THE THEORY OF EVERYTHING
Once in a long while a film comes along in which every element is just perfect; you wouldn't want to change a single frame. Some Like It Hot is an obvious example. Or Fried Green Tomatoes or L.A. Confidential. There are others, but not too many. Here's a new one. The Theory of Everything is a finely tuned study not only of the physical disintegration of one of the modern era's greatest scientists but also of the gentle disintegration of his perfect marriage.
Eddie Redmayne is already winning awards. He ought to scoop the lot. The gawky kid who charmed us in My Week With Marilyn is now the geeky cosmologist who wins the heart of a girl at college, enjoys a happy life with her and their children and conquers the scientific world with his theories about the birth of the universe even as Motor Neurone Disease takes away his mobility and his speech, but not - against all the odds - his dignity or his humour.

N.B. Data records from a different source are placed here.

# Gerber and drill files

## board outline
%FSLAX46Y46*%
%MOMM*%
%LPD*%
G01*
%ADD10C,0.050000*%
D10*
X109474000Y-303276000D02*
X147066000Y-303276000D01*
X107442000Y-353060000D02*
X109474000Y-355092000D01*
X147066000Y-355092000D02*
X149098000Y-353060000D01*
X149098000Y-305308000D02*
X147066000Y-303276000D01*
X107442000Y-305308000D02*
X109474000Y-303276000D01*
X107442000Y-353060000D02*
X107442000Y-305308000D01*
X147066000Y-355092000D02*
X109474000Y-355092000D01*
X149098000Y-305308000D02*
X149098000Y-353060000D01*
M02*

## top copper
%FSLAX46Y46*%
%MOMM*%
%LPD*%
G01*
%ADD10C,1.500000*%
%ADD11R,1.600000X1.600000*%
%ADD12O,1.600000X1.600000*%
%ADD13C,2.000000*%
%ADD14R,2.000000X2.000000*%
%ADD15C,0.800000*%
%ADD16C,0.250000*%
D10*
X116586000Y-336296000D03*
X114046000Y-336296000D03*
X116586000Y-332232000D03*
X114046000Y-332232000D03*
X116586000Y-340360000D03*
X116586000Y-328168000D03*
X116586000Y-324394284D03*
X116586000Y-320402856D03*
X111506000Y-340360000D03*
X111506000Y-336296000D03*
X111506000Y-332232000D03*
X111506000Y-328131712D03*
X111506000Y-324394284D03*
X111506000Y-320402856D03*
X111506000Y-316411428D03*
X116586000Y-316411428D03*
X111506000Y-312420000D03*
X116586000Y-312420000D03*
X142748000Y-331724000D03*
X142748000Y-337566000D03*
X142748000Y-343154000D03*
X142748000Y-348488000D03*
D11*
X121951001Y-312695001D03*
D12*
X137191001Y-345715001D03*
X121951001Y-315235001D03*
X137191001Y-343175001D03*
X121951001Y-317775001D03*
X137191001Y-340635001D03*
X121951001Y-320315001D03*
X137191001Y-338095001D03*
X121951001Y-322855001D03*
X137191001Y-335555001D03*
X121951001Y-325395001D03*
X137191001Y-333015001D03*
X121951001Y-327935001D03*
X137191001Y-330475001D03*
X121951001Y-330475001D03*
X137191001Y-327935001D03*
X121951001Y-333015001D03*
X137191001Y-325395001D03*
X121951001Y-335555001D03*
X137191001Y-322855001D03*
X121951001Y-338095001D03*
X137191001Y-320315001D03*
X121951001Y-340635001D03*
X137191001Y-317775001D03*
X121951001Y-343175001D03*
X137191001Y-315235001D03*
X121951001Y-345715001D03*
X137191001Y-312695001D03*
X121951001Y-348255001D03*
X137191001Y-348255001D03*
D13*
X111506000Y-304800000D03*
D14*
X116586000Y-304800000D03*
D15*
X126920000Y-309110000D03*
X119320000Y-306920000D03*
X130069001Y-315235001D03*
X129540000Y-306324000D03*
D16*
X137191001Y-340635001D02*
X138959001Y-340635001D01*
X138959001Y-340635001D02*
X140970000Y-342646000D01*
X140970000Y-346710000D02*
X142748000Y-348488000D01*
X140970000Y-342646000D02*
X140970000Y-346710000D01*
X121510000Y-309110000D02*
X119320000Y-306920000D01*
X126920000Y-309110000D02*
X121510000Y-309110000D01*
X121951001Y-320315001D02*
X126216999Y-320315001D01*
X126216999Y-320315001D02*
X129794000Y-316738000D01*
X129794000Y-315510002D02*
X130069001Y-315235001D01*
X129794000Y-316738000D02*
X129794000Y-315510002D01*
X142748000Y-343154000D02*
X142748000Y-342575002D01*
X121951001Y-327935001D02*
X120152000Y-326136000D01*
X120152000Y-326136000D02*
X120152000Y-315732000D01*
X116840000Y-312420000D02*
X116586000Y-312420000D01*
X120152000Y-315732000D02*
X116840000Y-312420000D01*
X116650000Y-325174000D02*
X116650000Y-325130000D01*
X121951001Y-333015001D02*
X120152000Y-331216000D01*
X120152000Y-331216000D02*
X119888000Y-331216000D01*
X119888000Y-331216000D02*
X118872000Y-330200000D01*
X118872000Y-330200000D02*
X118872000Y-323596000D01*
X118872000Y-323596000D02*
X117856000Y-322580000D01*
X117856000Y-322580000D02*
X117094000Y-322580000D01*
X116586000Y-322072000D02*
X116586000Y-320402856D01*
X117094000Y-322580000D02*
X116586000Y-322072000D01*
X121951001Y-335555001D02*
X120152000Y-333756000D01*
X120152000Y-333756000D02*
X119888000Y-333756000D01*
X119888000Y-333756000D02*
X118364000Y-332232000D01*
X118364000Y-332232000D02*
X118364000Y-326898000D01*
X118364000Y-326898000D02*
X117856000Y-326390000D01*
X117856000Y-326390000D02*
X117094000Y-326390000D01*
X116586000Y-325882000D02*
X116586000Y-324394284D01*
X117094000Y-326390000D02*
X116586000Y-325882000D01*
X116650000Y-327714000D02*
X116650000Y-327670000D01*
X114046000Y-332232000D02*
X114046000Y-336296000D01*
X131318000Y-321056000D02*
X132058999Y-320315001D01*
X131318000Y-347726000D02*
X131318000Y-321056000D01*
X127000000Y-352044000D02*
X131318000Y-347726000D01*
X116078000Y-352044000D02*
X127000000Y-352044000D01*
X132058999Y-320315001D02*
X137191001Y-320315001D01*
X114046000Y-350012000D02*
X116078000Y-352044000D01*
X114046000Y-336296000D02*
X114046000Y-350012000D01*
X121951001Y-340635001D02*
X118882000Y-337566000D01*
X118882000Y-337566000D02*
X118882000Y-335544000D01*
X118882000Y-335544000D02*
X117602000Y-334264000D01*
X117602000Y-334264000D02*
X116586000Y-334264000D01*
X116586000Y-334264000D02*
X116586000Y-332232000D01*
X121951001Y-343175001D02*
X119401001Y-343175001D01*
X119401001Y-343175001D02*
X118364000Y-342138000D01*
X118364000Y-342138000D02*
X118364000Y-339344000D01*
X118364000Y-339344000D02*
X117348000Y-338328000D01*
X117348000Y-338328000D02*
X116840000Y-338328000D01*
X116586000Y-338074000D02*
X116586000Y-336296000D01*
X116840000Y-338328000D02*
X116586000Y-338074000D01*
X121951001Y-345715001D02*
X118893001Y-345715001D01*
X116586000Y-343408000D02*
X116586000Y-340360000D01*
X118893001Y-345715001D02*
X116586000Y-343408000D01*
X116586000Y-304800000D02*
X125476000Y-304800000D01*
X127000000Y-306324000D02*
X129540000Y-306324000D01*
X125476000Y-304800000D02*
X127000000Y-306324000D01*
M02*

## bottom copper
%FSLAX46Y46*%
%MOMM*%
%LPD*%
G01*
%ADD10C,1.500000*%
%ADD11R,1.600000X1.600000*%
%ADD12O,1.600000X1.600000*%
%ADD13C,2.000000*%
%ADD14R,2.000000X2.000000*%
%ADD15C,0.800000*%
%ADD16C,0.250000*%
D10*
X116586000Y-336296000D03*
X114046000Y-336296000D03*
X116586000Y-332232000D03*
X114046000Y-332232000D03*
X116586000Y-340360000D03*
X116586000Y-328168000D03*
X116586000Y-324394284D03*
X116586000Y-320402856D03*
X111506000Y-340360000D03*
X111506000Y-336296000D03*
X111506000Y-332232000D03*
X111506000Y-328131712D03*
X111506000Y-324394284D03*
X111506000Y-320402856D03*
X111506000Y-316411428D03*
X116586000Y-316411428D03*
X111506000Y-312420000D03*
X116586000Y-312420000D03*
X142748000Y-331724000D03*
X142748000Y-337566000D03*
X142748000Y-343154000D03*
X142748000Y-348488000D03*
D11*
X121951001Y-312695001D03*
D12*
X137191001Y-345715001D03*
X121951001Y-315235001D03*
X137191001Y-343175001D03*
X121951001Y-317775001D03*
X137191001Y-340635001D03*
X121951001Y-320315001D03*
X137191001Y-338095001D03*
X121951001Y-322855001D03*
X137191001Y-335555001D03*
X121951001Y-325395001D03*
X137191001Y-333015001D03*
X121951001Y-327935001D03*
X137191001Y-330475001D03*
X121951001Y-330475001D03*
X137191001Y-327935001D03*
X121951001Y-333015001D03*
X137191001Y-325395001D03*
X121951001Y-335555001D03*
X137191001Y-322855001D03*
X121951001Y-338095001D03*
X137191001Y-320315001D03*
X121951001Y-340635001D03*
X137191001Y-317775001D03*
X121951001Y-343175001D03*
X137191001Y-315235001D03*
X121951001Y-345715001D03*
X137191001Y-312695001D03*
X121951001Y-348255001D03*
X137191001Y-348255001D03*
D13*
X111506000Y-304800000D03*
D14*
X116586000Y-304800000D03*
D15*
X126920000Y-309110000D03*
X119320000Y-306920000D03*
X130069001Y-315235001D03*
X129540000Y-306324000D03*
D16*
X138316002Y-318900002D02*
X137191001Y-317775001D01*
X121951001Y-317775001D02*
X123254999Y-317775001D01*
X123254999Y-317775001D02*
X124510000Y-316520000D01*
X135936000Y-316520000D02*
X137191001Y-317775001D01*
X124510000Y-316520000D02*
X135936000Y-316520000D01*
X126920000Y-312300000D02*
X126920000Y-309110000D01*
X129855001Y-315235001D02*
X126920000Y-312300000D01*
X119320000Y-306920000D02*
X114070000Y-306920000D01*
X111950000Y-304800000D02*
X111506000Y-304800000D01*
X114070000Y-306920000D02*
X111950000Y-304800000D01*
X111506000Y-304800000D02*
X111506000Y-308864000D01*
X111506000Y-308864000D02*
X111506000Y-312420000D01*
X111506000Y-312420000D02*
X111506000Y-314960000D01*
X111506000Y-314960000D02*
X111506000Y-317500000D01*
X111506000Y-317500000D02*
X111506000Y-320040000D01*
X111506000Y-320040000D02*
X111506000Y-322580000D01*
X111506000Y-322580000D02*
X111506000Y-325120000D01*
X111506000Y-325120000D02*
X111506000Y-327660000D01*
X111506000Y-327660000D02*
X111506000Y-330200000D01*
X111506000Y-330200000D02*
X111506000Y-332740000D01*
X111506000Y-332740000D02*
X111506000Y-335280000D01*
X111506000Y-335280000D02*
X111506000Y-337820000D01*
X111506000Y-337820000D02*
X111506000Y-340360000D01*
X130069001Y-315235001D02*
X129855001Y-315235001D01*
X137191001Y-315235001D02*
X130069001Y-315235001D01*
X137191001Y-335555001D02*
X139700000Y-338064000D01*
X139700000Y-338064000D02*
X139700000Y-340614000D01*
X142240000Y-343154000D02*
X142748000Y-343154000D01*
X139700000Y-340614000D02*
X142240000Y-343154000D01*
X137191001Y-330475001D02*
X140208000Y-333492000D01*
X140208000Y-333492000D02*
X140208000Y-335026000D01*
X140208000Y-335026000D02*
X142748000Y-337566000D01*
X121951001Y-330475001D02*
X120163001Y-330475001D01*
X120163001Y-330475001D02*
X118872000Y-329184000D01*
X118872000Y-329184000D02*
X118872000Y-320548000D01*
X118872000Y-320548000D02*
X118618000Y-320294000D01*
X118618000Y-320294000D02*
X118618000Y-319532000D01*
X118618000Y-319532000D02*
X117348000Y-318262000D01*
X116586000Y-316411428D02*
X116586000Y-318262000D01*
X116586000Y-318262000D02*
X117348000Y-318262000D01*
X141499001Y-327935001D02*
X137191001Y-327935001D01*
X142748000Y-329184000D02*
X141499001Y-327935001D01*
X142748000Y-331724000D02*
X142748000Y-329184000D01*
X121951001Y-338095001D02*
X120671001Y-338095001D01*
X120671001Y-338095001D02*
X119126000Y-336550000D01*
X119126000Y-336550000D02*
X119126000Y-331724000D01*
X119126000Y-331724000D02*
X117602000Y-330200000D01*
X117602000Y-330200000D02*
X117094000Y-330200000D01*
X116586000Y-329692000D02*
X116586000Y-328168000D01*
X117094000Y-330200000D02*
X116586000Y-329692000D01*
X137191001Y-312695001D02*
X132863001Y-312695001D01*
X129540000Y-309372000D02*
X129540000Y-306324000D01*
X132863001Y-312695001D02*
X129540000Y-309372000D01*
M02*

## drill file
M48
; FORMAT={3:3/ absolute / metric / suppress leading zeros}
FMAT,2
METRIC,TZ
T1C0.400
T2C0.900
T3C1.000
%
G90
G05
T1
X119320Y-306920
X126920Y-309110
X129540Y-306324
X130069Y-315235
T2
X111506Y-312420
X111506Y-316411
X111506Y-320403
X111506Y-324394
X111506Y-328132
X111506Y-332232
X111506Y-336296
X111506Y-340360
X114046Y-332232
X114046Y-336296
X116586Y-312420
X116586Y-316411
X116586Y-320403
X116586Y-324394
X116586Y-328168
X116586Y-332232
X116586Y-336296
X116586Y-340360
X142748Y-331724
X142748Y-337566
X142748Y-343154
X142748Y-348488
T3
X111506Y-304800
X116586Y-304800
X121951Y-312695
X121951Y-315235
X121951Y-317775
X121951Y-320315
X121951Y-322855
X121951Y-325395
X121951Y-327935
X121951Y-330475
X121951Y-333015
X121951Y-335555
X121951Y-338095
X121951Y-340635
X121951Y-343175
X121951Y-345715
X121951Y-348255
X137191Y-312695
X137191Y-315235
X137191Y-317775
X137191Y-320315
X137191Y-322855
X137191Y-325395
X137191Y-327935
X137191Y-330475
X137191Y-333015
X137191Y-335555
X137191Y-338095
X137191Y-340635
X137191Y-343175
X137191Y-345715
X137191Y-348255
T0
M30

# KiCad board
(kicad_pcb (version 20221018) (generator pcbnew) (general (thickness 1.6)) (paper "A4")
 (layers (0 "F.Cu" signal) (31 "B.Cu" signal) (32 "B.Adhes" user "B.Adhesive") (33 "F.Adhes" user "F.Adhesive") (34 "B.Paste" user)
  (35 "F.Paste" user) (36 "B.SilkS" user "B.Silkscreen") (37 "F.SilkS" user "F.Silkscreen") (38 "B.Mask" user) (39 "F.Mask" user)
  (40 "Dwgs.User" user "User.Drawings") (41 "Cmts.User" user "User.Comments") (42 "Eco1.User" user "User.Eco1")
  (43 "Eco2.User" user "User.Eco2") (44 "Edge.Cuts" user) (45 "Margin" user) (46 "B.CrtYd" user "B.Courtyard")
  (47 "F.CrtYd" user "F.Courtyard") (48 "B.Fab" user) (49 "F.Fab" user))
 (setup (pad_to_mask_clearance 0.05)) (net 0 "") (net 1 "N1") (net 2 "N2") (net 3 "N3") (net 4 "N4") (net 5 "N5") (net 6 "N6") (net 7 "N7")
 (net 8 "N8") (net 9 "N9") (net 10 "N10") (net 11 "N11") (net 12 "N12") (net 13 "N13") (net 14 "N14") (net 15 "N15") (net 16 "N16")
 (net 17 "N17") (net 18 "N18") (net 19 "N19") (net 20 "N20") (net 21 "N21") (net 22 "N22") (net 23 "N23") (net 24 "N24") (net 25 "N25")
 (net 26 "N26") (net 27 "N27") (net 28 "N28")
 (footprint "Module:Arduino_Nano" (layer "F.Cu") (at 121.951001 312.695001)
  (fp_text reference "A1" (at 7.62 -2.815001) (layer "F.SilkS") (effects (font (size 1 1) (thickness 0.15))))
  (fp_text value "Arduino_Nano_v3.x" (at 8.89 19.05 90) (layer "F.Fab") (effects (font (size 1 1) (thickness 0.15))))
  (pad "1" thru_hole rect (at 0 0) (size 1.6 1.6) (drill 1) (layers "*.Cu" "*.Mask") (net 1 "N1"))
  (pad "2" thru_hole oval (at 0 2.54) (size 1.6 1.6) (drill 1) (layers "*.Cu" "*.Mask") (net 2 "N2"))
  (pad "3" thru_hole oval (at 0 5.08) (size 1.6 1.6) (drill 1) (layers "*.Cu" "*.Mask") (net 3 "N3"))
  (pad "4" thru_hole oval (at 0 7.62) (size 1.6 1.6) (drill 1) (layers "*.Cu" "*.Mask") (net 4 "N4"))
  (pad "5" thru_hole oval (at 0 10.16) (size 1.6 1.6) (drill 1) (layers "*.Cu" "*.Mask") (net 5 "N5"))
  (pad "6" thru_hole oval (at 0 12.7) (size 1.6 1.6) (drill 1) (layers "*.Cu" "*.Mask") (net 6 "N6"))
  (pad "7" thru_hole oval (at 0 15.24) (size 1.6 1.6) (drill 1) (layers "*.Cu" "*.Mask") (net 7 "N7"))
  (pad "8" thru_hole oval (at 0 17.78) (size 1.6 1.6) (drill 1) (layers "*.Cu" "*.Mask") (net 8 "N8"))
  (pad "9" thru_hole oval (at 0 20.32) (size 1.6 1.6) (drill 1) (layers "*.Cu" "*.Mask") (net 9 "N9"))
  (pad "10" thru_hole oval (at 0 22.86) (size 1.6 1.6) (drill 1) (layers "*.Cu" "*.Mask") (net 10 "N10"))
  (pad "11" thru_hole oval (at 0 25.4) (size 1.6 1.6) (drill 1) (layers "*.Cu" "*.Mask") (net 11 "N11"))
  (pad "12" thru_hole oval (at 0 27.94) (size 1.6 1.6) (drill 1) (layers "*.Cu" "*.Mask") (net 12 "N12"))
  (pad "13" thru_hole oval (at 0 30.48) (size 1.6 1.6) (drill 1) (layers "*.Cu" "*.Mask") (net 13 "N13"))
  (pad "14" thru_hole oval (at 0 33.02) (size 1.6 1.6) (drill 1) (layers "*.Cu" "*.Mask") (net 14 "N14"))
  (pad "15" thru_hole oval (at 0 35.56) (size 1.6 1.6) (drill 1) (layers "*.Cu" "*.Mask") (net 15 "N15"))
  (pad "16" thru_hole oval (at 15.24 35.56) (size 1.6 1.6) (drill 1) (layers "*.Cu" "*.Mask") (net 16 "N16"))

Stephen Hawking is a scene-hogging role like Dustin Hoffman's in Rain Man, but Felicity Jones manages to steal some of his limelight much as Tom Cruise managed to steal from Dustin. Her Jane Hawking is believably impossibly perfect - the wife who lovingly supports her increasingly frail partner and then with exquisite discomfort falls in love with somebody else. There are no scenes of violence or vitriol: Stephen and Jane's love survives the collapse of their marriage. The supporting actors in this quiet drama are not big names, which lends their performances added conviction.
A more poignant story would be hard to imagine: triumph and tragedy delicately brought to life. There is no air of contrivance in this movie. Poignant and flawless.